Stored items
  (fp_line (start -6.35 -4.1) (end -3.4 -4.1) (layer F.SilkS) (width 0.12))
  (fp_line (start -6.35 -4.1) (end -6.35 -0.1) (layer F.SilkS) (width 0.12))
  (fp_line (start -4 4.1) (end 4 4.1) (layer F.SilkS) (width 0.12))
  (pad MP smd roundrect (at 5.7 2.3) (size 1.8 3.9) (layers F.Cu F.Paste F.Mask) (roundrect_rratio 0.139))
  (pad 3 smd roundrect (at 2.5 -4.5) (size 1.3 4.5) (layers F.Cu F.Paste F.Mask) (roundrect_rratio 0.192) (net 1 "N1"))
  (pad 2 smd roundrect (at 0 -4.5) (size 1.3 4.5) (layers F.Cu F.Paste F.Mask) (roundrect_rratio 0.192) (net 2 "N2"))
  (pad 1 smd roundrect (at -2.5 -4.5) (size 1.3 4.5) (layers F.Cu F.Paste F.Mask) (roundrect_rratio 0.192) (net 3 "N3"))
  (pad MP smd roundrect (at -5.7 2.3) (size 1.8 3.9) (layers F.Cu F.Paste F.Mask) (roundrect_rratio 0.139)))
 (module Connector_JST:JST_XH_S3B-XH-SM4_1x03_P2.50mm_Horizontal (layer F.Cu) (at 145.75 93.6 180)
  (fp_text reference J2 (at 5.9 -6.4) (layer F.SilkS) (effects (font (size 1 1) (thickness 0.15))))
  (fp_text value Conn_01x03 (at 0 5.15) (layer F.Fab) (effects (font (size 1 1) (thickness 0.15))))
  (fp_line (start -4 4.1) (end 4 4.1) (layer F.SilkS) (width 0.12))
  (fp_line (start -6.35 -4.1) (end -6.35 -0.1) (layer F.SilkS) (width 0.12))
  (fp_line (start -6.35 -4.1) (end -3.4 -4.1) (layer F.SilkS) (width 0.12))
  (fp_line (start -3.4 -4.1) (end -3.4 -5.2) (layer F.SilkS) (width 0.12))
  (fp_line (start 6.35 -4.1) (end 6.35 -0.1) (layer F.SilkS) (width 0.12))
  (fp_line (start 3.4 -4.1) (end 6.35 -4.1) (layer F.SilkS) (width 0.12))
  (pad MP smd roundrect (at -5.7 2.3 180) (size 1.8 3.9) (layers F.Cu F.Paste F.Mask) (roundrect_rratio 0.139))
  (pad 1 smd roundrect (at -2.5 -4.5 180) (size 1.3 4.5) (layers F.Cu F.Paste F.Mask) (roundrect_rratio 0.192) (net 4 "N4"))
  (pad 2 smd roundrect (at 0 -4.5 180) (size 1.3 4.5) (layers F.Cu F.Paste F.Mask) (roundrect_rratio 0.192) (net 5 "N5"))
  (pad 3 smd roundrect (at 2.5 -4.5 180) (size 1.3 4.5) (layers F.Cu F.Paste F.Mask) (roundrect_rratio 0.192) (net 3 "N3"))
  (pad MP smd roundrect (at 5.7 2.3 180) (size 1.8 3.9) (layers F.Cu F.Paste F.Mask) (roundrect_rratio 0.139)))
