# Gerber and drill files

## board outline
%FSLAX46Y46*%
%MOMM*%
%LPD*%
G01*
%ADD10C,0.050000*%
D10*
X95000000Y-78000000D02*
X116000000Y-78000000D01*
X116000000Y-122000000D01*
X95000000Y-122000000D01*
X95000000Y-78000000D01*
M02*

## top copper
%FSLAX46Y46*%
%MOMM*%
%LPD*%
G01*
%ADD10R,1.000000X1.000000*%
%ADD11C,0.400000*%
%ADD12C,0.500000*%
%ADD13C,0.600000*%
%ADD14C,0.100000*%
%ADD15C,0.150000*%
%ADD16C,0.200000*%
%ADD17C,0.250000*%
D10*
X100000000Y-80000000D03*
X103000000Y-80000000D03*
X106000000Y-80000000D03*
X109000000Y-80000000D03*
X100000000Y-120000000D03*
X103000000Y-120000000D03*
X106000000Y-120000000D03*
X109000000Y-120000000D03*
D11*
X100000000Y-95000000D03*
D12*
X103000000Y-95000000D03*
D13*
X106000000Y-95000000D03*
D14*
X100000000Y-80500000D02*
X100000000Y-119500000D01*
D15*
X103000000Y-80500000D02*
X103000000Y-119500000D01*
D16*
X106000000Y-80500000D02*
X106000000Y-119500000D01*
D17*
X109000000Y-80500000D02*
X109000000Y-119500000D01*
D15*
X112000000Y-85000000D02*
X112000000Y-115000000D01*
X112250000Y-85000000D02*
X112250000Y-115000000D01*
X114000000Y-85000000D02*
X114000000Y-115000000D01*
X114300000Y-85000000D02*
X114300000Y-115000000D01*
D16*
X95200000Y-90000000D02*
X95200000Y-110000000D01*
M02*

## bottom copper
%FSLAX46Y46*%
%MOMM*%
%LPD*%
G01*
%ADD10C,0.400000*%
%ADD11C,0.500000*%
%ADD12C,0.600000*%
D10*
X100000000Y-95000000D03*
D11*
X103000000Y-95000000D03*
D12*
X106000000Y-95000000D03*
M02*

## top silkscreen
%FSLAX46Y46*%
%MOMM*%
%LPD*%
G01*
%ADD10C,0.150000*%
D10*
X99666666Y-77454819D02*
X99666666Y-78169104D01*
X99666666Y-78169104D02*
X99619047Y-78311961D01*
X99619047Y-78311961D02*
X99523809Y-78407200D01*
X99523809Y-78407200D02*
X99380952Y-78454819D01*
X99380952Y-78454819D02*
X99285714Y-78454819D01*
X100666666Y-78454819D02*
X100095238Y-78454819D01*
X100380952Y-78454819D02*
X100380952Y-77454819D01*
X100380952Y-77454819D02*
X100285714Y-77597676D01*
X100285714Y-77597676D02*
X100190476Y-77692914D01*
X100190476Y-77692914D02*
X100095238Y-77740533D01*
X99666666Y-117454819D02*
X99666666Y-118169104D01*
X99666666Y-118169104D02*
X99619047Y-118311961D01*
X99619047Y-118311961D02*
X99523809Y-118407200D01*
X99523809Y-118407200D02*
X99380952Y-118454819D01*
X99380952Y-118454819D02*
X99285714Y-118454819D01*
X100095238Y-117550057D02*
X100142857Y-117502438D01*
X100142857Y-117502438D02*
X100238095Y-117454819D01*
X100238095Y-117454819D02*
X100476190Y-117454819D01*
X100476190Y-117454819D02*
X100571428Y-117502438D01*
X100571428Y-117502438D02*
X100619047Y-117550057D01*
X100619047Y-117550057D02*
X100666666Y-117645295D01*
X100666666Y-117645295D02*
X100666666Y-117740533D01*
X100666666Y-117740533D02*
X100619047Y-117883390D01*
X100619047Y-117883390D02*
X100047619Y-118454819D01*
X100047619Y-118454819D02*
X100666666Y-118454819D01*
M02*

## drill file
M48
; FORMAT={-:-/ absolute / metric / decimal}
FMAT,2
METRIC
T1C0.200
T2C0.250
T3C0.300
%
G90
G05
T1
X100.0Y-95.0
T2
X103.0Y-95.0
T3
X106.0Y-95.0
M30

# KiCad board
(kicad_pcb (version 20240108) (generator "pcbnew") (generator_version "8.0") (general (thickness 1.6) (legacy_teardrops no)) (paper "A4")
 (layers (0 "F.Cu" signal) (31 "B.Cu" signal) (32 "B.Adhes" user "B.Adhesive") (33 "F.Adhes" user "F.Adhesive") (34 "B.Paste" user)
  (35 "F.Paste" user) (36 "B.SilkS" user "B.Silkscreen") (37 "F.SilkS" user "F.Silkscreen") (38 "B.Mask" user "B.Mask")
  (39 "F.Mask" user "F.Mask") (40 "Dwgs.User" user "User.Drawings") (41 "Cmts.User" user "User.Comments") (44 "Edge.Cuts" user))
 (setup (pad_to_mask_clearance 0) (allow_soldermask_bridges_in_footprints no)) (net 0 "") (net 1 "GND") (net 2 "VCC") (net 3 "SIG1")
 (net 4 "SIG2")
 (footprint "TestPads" (layer "F.Cu") (at 100 80) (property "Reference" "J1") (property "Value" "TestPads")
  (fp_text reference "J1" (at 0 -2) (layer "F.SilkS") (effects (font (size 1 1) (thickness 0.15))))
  (pad "1" smd rect (at 0 0) (size 1 1) (layers "F.Cu" "F.Paste" "F.Mask") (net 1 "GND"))
  (pad "2" smd rect (at 3 0) (size 1 1) (layers "F.Cu" "F.Paste" "F.Mask") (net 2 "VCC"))
  (pad "3" smd rect (at 6 0) (size 1 1) (layers "F.Cu" "F.Paste" "F.Mask") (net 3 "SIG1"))
  (pad "4" smd rect (at 9 0) (size 1 1) (layers "F.Cu" "F.Paste" "F.Mask") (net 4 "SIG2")))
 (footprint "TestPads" (layer "F.Cu") (at 100 120) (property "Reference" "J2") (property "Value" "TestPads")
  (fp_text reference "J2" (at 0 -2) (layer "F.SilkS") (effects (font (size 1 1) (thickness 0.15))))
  (pad "1" smd rect (at 0 0) (size 1 1) (layers "F.Cu" "F.Paste" "F.Mask") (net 1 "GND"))
  (pad "2" smd rect (at 3 0) (size 1 1) (layers "F.Cu" "F.Paste" "F.Mask") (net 2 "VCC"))
  (pad "3" smd rect (at 6 0) (size 1 1) (layers "F.Cu" "F.Paste" "F.Mask") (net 3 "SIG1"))
  (pad "4" smd rect (at 9 0) (size 1 1) (layers "F.Cu" "F.Paste" "F.Mask") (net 4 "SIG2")))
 (segment (start 100 80.5) (end 100 119.5) (width 0.1) (layer "F.Cu") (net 1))
 (segment (start 103 80.5) (end 103 119.5) (width 0.15) (layer "F.Cu") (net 2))
 (segment (start 106 80.5) (end 106 119.5) (width 0.2) (layer "F.Cu") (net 3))
 (segment (start 109 80.5) (end 109 119.5) (width 0.25) (layer "F.Cu") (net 4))
 (via (at 100 95) (size 0.4) (drill 0.2) (layers "F.Cu" "B.Cu") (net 1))
 (via (at 103 95) (size 0.5) (drill 0.25) (layers "F.Cu" "B.Cu") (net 2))
 (via (at 106 95) (size 0.6) (drill 0.3) (layers "F.Cu" "B.Cu") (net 3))
 (segment (start 112 85) (end 112 115) (width 0.15) (layer "F.Cu") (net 3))
 (segment (start 112.25 85) (end 112.25 115) (width 0.15) (layer "F.Cu") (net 4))
 (segment (start 114 85) (end 114 115) (width 0.15) (layer "F.Cu") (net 1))
 (segment (start 114.3 85) (end 114.3 115) (width 0.15) (layer "F.Cu") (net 2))
 (segment (start 95.2 90) (end 95.2 110) (width 0.2) (layer "F.Cu") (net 3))
 (gr_rect (start 95 78) (end 116 122) (stroke (width 0.05) (type default)) (fill none) (layer "Edge.Cuts")))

■ PROBLEM TO WORK ON: Retype only the stretch of lines above starting at the one with "X99523809Y-78407200D02*" and stopping at the one with "X99380952Y-118454819D01*", exactly as written, with both kept.

■ SOLUTION TO THIS EXERCISE:
X99523809Y-78407200D02*
X99380952Y-78454819D01*
X99380952Y-78454819D02*
X99285714Y-78454819D01*
X100666666Y-78454819D02*
X100095238Y-78454819D01*
X100380952Y-78454819D02*
X100380952Y-77454819D01*
X100380952Y-77454819D02*
X100285714Y-77597676D01*
X100285714Y-77597676D02*
X100190476Y-77692914D01*
X100190476Y-77692914D02*
X100095238Y-77740533D01*
X99666666Y-117454819D02*
X99666666Y-118169104D01*
X99666666Y-118169104D02*
X99619047Y-118311961D01*
X99619047Y-118311961D02*
X99523809Y-118407200D01*
X99523809Y-118407200D02*
X99380952Y-118454819D01*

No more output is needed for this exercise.